TV La Verdad (English: Truth TV) is a religious broadcast station of the Philippine-based Christian organization, Members Church of God International (MCGI, Spanish: Miembros Iglesia de Dios Internacional) for Spanish-speaking countries in Central and South America.

TV La Verdad's 24 hours a day, 7 days a week broadcast started in July 2012 via Galaxy 19 satellite.
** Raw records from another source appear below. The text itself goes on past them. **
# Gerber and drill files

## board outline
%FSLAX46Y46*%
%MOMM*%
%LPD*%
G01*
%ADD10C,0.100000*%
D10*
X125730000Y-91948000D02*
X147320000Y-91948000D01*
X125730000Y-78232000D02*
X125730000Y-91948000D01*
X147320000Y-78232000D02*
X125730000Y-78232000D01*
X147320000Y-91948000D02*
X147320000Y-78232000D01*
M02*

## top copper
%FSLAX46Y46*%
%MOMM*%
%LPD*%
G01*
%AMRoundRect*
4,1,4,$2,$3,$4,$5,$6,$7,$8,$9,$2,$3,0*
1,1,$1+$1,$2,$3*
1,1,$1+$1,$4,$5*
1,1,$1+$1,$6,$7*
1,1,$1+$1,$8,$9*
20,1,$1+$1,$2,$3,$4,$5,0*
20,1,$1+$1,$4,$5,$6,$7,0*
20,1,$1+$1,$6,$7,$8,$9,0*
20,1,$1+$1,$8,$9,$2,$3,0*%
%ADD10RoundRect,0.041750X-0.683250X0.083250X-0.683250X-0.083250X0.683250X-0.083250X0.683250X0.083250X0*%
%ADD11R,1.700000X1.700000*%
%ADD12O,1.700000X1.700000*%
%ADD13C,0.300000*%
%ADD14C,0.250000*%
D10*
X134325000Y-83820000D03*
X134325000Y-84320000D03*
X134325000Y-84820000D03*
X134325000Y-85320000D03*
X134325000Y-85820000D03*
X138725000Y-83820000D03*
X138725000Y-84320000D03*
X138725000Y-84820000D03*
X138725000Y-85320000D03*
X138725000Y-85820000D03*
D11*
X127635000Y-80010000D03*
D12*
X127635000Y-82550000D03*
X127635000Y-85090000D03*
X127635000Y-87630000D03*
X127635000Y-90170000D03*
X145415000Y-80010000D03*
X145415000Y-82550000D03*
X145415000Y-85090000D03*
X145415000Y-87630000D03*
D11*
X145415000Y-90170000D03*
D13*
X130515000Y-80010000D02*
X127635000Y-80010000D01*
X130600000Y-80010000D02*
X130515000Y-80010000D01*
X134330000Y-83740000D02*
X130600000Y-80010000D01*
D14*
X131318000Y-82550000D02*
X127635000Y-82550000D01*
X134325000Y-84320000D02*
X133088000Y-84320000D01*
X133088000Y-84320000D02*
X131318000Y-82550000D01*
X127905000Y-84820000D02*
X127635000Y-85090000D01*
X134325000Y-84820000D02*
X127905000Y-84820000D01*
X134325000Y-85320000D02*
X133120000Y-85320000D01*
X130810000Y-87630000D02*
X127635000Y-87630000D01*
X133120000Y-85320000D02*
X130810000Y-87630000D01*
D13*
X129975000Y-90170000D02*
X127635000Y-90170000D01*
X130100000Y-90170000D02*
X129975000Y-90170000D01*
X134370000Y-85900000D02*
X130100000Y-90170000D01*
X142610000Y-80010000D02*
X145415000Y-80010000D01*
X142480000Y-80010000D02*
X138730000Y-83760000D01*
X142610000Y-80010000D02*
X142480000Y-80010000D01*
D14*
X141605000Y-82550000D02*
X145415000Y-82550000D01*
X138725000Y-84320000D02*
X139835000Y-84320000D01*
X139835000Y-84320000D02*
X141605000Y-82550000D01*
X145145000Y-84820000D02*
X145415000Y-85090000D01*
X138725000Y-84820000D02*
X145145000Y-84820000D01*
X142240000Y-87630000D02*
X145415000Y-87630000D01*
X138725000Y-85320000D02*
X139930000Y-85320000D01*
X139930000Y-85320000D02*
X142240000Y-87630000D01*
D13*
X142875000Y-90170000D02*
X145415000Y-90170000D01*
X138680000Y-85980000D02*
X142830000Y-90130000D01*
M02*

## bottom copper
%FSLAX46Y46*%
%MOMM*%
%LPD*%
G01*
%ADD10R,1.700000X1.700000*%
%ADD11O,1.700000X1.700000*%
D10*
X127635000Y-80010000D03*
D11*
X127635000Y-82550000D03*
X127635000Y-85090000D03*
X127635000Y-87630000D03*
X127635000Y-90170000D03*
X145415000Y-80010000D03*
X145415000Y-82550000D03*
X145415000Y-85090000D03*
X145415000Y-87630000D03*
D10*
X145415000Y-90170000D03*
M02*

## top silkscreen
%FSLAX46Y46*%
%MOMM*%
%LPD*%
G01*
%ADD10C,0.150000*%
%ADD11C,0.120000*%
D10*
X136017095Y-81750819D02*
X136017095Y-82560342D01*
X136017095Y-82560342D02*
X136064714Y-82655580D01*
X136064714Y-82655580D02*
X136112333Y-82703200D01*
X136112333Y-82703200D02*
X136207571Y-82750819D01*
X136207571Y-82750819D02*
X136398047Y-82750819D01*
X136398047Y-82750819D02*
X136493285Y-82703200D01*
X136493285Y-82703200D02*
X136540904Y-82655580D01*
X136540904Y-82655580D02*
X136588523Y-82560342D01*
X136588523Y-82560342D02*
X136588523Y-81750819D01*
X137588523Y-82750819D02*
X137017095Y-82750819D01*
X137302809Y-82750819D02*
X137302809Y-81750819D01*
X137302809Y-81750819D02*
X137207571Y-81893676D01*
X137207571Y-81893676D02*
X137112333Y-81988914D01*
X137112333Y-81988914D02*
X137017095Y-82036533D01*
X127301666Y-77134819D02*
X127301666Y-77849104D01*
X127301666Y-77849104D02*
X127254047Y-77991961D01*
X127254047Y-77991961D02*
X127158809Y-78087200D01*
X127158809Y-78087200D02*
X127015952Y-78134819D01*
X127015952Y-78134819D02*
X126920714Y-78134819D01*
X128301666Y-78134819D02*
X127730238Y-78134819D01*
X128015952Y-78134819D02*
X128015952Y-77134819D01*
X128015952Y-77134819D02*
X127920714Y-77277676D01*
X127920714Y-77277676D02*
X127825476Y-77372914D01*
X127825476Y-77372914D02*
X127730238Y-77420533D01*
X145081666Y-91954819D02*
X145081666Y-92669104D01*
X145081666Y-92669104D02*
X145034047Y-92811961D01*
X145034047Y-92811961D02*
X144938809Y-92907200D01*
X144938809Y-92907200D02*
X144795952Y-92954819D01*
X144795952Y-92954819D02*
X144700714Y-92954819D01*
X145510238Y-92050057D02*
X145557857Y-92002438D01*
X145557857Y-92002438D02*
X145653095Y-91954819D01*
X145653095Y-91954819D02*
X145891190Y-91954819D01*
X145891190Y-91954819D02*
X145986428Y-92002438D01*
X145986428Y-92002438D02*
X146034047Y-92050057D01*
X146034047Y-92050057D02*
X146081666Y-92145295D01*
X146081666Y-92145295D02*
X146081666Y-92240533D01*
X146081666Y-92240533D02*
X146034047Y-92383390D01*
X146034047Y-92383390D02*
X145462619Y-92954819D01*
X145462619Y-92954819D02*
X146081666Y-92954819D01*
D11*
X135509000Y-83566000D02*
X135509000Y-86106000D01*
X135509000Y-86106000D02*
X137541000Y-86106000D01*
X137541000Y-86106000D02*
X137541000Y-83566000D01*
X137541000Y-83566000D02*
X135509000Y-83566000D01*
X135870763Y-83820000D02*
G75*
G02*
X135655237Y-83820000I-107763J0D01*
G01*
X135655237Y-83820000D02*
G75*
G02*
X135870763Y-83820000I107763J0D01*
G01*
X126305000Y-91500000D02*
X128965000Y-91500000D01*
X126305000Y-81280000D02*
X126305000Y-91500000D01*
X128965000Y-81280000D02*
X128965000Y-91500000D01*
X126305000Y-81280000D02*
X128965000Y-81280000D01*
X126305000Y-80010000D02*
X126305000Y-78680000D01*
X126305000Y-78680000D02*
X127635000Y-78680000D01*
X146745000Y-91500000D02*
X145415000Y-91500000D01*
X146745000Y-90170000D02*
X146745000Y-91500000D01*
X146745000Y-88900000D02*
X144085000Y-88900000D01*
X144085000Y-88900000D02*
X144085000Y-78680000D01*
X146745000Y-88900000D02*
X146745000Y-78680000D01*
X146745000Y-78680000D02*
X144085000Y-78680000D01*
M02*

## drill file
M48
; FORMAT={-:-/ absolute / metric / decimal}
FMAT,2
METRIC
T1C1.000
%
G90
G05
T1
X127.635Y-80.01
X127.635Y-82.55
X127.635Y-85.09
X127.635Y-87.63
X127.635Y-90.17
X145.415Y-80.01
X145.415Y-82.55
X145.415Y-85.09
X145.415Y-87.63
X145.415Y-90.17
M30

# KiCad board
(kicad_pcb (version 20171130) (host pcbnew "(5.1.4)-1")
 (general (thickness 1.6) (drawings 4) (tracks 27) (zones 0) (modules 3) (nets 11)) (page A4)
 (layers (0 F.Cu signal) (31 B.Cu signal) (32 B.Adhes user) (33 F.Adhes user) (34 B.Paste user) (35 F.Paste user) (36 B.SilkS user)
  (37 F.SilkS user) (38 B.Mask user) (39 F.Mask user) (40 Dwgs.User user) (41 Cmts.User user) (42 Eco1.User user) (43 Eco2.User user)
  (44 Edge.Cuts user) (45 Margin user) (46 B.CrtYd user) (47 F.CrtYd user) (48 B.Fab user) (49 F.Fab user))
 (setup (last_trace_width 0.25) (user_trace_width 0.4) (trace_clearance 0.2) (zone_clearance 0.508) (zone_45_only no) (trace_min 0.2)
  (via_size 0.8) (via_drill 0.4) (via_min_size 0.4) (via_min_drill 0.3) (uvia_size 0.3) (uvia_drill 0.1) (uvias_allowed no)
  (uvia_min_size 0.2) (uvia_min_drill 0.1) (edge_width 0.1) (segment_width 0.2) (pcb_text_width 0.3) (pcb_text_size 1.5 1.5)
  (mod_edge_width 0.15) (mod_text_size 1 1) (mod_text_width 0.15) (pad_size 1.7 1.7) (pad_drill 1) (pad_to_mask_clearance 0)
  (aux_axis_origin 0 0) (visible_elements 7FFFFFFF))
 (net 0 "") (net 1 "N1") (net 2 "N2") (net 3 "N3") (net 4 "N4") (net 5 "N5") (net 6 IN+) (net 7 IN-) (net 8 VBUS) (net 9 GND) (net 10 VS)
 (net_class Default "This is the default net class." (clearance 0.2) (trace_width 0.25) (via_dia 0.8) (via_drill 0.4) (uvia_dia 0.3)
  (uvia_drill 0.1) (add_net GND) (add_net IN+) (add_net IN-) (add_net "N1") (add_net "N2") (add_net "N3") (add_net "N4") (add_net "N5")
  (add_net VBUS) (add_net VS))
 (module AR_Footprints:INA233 (layer F.Cu) (at 136.525 83.82)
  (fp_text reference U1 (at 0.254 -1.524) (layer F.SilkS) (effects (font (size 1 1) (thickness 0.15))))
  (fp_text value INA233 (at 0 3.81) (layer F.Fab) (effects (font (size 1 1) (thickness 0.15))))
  (fp_line (start -1.016 -0.254) (end -1.016 2.286) (layer F.SilkS) (width 0.12))
  (fp_line (start -1.016 2.286) (end 1.016 2.286) (layer F.SilkS) (width 0.12))
  (fp_line (start 1.016 2.286) (end 1.016 -0.254) (layer F.SilkS) (width 0.12))
  (fp_line (start 1.016 -0.254) (end -1.016 -0.254) (layer F.SilkS) (width 0.12))
  (fp_circle (center -0.762 0) (end -0.6858 0.0762) (layer F.SilkS) (width 0.12))
  (pad 1 smd roundrect (at -2.2 0 270) (size 0.25 1.45) (layers F.Cu F.Paste F.Mask) (roundrect_rratio 0.167) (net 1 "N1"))
  (pad 2 smd roundrect (at -2.2 0.5 270) (size 0.25 1.45) (layers F.Cu F.Paste F.Mask) (roundrect_rratio 0.167) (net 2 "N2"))
  (pad 3 smd roundrect (at -2.2 1 270) (size 0.25 1.45) (layers F.Cu F.Paste F.Mask) (roundrect_rratio 0.167) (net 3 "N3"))
  (pad 4 smd roundrect (at -2.2 1.5 270) (size 0.25 1.45) (layers F.Cu F.Paste F.Mask) (roundrect_rratio 0.167) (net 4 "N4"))
  (pad 5 smd roundrect (at -2.2 2 270) (size 0.25 1.45) (layers F.Cu F.Paste F.Mask) (roundrect_rratio 0.167) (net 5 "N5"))
  (pad 10 smd roundrect (at 2.2 0 270) (size 0.25 1.45) (layers F.Cu F.Paste F.Mask) (roundrect_rratio 0.167) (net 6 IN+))
  (pad 9 smd roundrect (at 2.2 0.5 270) (size 0.25 1.45) (layers F.Cu F.Paste F.Mask) (roundrect_rratio 0.167) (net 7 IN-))
  (pad 8 smd roundrect (at 2.2 1 270) (size 0.25 1.45) (layers F.Cu F.Paste F.Mask) (roundrect_rratio 0.167) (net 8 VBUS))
Later, it transferred to the SES-6 satellite which covers Central and South America including other countries in North America, Europe and North Africa.

Its broadcast feed originates from a 48-square meter garage, transformed into a makeshift broadcasting studio in Florianópolis, Santa Catarina, Brazil, sharing space with its affiliate stations TV Verdade and The Truth Channel.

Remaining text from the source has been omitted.